■ YOUR ASSIGNMENT ■
Once the line containing "X175172657Y-102854574D01*" is found in the entries below, reproduce it and every line after it, stopping at and including the line containing "X168680386Y-102394386D01*"; reproduce nothing else, and keep each line exact.

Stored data
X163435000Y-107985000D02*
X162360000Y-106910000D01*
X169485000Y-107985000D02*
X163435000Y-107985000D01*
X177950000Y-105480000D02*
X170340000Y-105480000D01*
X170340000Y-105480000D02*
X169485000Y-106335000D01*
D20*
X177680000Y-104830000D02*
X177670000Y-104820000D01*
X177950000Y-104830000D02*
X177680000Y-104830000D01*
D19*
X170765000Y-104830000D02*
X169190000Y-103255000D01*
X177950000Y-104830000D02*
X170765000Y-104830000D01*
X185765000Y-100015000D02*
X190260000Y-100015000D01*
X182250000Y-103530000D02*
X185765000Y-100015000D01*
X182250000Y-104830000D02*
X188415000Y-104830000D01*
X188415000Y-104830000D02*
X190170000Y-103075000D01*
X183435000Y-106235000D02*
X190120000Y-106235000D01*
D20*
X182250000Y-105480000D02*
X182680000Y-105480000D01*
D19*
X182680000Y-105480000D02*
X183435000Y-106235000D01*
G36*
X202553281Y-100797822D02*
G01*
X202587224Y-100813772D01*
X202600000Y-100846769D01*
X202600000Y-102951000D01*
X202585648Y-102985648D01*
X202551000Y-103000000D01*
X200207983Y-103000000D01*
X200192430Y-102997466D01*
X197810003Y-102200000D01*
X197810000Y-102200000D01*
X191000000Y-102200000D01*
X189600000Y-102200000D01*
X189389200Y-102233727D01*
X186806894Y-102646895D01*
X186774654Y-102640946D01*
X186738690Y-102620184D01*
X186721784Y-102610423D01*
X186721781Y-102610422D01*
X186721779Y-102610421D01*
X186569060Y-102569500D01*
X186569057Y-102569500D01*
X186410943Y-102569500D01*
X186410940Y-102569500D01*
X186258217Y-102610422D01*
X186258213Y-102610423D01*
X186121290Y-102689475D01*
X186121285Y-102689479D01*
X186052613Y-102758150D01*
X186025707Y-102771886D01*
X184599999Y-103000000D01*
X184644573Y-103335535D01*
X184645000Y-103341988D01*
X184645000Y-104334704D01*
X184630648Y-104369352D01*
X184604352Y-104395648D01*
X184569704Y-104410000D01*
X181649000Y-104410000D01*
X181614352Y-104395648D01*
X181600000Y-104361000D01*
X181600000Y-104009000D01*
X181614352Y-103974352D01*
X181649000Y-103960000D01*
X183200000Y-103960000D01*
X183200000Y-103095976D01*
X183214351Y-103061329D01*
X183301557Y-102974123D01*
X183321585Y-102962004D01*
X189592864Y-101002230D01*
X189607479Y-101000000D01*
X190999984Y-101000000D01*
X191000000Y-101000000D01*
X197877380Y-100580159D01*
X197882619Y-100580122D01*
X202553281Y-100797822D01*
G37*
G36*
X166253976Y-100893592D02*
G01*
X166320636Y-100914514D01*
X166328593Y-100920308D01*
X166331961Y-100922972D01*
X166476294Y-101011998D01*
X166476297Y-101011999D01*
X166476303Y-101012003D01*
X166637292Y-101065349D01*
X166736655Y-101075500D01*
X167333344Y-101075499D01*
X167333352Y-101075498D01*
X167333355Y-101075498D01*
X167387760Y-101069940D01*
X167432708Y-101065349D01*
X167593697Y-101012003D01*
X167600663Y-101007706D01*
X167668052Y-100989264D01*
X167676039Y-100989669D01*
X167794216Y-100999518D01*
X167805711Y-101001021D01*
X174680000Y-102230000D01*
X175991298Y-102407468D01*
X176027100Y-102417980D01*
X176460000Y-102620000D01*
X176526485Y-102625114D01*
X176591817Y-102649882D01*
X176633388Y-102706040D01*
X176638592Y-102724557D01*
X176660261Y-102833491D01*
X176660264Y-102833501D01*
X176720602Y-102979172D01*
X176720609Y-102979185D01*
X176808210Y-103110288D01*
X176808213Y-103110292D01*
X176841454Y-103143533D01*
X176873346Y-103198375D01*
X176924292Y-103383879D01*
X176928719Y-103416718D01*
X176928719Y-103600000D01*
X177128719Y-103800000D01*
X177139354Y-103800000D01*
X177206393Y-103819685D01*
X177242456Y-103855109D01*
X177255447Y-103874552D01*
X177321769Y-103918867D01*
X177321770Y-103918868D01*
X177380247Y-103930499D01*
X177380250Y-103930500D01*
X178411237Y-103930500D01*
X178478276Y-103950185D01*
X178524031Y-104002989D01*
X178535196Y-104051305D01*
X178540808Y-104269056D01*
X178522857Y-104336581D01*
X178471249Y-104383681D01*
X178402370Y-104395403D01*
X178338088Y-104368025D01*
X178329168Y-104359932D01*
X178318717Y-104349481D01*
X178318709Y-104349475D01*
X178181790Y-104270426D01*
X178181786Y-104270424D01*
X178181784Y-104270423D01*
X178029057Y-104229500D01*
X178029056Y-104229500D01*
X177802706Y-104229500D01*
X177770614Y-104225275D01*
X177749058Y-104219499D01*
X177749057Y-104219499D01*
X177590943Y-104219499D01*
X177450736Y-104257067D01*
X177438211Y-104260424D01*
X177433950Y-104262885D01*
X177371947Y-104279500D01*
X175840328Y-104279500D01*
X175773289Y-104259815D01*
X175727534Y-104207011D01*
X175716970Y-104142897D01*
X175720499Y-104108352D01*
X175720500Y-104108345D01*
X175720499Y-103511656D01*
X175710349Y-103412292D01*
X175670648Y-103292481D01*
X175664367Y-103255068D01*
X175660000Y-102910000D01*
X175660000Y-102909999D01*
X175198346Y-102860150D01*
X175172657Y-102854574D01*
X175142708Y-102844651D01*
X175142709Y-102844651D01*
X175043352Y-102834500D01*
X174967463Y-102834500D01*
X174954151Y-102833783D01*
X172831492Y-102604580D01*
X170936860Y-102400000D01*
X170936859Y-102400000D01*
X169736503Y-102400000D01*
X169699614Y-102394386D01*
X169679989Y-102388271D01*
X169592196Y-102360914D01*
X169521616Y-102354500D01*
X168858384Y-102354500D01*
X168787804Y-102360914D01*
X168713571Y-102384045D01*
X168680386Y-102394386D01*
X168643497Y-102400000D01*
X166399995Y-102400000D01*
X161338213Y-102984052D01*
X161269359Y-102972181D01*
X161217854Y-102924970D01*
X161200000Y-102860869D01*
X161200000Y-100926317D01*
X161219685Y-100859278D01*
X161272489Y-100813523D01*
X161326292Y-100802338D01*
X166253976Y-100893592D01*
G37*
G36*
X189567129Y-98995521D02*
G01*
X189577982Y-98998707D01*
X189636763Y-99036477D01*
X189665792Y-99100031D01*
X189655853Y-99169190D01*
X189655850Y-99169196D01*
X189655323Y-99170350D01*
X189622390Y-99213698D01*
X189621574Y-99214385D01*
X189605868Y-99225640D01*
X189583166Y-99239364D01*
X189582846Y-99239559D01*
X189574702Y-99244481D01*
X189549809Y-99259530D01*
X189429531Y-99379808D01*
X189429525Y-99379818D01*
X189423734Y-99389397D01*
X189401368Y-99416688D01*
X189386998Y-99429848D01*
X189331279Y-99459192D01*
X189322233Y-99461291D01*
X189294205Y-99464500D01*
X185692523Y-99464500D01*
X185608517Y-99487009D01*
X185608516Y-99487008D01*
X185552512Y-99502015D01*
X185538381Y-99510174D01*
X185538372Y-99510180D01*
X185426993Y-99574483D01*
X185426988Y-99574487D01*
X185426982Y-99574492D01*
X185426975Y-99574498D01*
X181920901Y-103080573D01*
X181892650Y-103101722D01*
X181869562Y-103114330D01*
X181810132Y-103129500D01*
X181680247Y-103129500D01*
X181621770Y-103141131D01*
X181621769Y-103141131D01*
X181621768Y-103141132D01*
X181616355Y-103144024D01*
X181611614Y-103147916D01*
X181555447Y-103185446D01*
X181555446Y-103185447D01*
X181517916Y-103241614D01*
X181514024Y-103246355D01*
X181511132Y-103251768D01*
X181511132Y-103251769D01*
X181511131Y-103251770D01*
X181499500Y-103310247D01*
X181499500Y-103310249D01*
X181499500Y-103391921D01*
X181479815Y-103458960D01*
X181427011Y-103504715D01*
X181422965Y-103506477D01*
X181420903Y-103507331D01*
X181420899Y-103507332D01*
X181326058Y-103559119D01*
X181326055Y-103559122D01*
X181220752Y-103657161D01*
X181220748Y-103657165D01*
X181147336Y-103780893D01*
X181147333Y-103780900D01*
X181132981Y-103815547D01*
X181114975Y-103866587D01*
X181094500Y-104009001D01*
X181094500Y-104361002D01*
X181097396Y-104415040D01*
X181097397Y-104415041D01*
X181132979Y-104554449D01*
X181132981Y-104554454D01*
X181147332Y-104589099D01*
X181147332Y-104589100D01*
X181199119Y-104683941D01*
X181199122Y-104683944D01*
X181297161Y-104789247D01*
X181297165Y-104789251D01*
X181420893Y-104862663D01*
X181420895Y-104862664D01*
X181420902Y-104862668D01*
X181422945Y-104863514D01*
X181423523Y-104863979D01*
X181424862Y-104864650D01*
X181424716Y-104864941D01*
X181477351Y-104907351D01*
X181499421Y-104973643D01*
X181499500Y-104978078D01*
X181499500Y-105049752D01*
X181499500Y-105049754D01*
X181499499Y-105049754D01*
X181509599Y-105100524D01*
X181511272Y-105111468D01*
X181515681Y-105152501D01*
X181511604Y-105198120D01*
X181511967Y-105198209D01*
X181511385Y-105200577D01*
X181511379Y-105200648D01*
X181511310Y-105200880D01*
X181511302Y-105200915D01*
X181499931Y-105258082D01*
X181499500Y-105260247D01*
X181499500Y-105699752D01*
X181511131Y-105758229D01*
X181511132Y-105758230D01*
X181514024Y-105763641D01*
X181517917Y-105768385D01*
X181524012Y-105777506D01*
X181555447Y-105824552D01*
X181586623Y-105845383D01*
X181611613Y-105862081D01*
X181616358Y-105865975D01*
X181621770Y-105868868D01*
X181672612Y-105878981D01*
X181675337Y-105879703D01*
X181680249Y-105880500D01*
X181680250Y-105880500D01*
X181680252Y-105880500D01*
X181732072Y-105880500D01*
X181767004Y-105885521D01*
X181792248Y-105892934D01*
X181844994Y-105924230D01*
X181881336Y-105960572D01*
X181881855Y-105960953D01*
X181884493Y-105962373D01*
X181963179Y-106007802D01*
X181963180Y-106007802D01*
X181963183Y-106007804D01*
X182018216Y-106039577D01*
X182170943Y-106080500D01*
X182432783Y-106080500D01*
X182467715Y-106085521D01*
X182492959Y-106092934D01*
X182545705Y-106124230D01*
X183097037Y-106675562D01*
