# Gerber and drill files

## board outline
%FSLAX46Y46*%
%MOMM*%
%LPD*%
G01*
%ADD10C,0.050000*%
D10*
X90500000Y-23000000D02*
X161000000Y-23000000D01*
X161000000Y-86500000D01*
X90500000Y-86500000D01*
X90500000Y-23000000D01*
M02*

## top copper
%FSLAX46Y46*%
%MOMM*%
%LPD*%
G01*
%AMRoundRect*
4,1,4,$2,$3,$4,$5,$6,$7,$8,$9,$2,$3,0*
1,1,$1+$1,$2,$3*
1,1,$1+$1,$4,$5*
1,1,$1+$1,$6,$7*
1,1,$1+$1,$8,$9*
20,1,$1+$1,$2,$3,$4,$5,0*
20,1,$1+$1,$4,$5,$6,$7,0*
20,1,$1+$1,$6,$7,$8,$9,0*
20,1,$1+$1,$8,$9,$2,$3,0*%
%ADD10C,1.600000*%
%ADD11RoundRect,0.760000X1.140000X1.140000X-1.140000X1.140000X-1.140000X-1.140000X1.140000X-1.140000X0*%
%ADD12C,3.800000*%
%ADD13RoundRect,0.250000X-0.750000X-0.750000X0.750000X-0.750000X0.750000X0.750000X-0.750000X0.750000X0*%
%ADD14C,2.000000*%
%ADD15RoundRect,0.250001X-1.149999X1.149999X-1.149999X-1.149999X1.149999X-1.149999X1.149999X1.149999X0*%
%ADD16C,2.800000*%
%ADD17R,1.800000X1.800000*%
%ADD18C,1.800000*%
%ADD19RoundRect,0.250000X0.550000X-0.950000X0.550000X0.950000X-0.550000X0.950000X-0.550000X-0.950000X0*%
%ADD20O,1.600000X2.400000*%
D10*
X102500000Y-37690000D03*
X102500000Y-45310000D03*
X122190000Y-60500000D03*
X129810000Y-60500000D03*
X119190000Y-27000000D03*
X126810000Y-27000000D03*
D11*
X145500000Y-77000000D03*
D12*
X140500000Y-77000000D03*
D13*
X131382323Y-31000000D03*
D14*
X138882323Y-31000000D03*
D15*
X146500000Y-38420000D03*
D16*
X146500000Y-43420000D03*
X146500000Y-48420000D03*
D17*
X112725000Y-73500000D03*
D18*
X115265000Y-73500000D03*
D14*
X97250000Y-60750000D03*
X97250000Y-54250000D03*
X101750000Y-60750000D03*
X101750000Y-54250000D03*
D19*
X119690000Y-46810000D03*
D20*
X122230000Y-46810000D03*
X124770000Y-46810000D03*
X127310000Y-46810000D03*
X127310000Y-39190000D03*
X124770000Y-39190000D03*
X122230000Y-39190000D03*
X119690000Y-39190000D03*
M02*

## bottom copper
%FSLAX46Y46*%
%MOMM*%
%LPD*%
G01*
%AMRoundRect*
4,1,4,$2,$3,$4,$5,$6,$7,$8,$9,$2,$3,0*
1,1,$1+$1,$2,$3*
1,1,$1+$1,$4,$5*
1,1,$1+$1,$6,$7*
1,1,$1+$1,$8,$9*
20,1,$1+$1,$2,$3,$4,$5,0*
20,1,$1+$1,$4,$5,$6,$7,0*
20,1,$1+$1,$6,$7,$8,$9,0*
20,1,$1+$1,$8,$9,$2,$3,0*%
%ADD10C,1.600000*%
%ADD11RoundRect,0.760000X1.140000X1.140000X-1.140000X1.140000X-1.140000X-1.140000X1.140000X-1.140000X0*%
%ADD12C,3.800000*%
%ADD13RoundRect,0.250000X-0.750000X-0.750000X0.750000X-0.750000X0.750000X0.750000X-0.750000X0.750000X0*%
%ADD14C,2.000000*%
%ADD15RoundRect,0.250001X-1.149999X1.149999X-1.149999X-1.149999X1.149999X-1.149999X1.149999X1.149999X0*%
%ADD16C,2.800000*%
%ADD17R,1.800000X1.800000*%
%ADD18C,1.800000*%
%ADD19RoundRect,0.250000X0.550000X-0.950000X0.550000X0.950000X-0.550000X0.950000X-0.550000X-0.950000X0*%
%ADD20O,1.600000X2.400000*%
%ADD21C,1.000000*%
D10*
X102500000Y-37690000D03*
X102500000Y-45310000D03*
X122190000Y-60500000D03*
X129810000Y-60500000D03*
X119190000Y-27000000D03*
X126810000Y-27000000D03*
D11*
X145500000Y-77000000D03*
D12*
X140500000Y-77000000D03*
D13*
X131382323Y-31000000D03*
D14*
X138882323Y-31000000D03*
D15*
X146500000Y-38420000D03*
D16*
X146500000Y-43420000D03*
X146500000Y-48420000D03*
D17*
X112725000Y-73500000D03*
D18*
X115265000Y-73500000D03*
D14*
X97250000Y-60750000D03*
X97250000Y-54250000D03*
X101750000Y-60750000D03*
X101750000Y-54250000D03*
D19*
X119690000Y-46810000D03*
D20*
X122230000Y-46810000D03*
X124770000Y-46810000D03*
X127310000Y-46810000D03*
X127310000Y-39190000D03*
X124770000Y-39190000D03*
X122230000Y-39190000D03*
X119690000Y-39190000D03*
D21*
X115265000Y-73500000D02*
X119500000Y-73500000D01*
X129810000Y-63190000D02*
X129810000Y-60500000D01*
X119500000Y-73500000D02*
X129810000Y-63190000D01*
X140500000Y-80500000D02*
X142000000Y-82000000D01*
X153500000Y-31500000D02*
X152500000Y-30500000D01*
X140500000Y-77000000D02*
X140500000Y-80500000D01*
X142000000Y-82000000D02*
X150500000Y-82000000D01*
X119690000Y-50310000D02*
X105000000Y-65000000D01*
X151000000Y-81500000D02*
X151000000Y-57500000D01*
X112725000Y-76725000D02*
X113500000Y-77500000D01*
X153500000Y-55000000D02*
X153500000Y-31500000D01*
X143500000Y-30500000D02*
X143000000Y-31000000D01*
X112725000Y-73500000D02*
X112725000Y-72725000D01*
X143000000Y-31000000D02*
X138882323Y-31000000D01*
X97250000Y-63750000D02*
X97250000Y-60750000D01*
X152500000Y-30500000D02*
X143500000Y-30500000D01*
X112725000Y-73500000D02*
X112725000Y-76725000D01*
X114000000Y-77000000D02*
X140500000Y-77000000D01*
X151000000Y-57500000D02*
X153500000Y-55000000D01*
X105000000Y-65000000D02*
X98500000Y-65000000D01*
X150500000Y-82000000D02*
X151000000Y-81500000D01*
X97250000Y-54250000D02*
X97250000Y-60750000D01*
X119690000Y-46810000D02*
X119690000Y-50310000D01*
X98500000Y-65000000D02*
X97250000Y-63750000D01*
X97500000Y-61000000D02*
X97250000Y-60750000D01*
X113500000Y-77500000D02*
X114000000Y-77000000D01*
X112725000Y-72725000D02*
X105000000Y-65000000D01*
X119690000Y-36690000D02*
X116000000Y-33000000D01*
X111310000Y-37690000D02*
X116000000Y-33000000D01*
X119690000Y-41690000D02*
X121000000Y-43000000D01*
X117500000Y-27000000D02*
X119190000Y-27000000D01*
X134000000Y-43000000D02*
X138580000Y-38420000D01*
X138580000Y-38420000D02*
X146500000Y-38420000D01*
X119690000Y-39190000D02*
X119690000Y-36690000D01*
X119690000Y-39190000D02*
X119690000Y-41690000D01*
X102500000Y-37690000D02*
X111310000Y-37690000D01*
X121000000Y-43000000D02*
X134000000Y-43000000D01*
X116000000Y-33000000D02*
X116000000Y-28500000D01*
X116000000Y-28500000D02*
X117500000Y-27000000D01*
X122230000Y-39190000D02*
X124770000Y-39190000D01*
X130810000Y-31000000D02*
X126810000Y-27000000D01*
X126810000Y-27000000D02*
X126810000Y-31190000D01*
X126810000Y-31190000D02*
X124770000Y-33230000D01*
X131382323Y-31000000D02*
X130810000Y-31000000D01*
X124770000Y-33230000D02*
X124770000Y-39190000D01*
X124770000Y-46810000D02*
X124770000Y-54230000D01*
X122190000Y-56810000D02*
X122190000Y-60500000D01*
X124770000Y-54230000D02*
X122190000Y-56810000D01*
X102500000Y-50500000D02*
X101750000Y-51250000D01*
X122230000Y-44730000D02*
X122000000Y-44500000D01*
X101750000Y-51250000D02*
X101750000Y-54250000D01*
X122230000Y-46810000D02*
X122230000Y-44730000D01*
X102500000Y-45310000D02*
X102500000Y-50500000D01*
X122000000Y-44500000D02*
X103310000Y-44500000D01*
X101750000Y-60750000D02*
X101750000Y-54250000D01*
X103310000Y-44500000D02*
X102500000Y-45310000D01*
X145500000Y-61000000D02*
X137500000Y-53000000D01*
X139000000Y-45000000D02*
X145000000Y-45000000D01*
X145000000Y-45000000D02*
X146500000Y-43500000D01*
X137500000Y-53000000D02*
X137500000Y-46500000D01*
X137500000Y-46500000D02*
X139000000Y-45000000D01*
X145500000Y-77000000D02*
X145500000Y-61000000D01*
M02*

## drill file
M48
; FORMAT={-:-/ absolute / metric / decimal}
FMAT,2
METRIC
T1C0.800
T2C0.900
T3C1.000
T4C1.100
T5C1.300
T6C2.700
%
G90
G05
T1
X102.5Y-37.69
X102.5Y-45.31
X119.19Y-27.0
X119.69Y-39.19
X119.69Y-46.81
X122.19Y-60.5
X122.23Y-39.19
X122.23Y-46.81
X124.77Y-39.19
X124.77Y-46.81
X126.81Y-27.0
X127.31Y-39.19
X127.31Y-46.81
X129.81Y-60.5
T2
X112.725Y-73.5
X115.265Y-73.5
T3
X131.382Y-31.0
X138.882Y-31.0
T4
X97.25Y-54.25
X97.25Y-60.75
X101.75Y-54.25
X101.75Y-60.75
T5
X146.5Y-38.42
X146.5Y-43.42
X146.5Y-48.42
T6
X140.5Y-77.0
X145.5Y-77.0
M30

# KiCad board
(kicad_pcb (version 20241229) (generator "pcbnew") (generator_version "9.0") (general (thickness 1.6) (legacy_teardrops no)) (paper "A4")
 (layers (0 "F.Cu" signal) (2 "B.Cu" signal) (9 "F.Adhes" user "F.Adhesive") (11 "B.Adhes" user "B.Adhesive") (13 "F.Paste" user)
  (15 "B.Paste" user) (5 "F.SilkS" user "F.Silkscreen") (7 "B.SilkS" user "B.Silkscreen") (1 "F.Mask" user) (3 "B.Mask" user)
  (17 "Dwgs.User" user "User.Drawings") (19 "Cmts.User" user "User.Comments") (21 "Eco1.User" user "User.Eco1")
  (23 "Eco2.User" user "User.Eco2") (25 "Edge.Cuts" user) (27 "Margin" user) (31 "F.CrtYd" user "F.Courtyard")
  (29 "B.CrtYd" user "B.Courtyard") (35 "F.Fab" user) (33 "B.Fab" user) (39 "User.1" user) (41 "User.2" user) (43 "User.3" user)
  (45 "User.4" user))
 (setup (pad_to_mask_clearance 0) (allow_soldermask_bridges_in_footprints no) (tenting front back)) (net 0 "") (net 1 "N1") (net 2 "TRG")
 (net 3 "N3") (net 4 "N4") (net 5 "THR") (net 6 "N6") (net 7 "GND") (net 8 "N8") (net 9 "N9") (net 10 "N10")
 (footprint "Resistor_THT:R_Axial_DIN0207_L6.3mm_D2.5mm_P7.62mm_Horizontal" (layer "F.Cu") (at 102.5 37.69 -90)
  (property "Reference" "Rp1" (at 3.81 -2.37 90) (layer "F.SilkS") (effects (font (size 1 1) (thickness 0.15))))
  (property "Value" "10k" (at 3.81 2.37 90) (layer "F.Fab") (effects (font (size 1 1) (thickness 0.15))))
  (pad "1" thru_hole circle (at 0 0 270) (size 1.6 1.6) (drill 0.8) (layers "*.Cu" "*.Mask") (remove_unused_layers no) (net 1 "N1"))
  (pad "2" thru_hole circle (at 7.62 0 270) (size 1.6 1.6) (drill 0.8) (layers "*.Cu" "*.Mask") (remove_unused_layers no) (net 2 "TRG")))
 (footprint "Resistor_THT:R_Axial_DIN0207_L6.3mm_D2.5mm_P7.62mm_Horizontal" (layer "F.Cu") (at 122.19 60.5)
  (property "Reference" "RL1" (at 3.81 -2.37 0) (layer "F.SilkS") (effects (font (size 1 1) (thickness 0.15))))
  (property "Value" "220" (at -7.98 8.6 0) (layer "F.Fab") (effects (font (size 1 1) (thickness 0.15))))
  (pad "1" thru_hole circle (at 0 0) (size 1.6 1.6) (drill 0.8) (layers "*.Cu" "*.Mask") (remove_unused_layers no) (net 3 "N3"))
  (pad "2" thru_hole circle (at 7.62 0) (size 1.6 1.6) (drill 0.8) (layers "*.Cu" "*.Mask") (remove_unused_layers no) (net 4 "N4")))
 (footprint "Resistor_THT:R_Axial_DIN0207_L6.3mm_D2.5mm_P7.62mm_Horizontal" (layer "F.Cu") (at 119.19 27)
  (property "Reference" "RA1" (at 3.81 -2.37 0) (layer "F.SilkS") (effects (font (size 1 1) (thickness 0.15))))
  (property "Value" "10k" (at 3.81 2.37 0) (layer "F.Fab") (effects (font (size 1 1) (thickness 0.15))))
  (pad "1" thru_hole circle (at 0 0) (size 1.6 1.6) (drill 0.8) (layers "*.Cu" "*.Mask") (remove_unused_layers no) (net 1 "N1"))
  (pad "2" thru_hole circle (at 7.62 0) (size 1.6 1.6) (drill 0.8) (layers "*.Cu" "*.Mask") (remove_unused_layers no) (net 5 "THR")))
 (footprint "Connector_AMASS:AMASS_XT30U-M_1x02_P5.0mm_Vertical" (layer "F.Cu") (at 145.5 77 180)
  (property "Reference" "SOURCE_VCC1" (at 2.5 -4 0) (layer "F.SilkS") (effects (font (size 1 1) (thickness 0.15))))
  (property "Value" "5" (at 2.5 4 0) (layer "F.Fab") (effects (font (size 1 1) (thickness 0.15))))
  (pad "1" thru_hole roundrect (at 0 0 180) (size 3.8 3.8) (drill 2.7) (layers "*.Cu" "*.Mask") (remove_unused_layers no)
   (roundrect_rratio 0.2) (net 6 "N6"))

■ FINISHED TASK ■
X175172657Y-102854574D01*
X175142708Y-102844651D01*
X175142709Y-102844651D01*
X175043352Y-102834500D01*
X174967463Y-102834500D01*
X174954151Y-102833783D01*
X172831492Y-102604580D01*
X170936860Y-102400000D01*
X170936859Y-102400000D01*
X169736503Y-102400000D01*
X169699614Y-102394386D01*
X169679989Y-102388271D01*
X169592196Y-102360914D01*
X169521616Y-102354500D01*
X168858384Y-102354500D01*
X168787804Y-102360914D01*
X168713571Y-102384045D01*
X168680386Y-102394386D01*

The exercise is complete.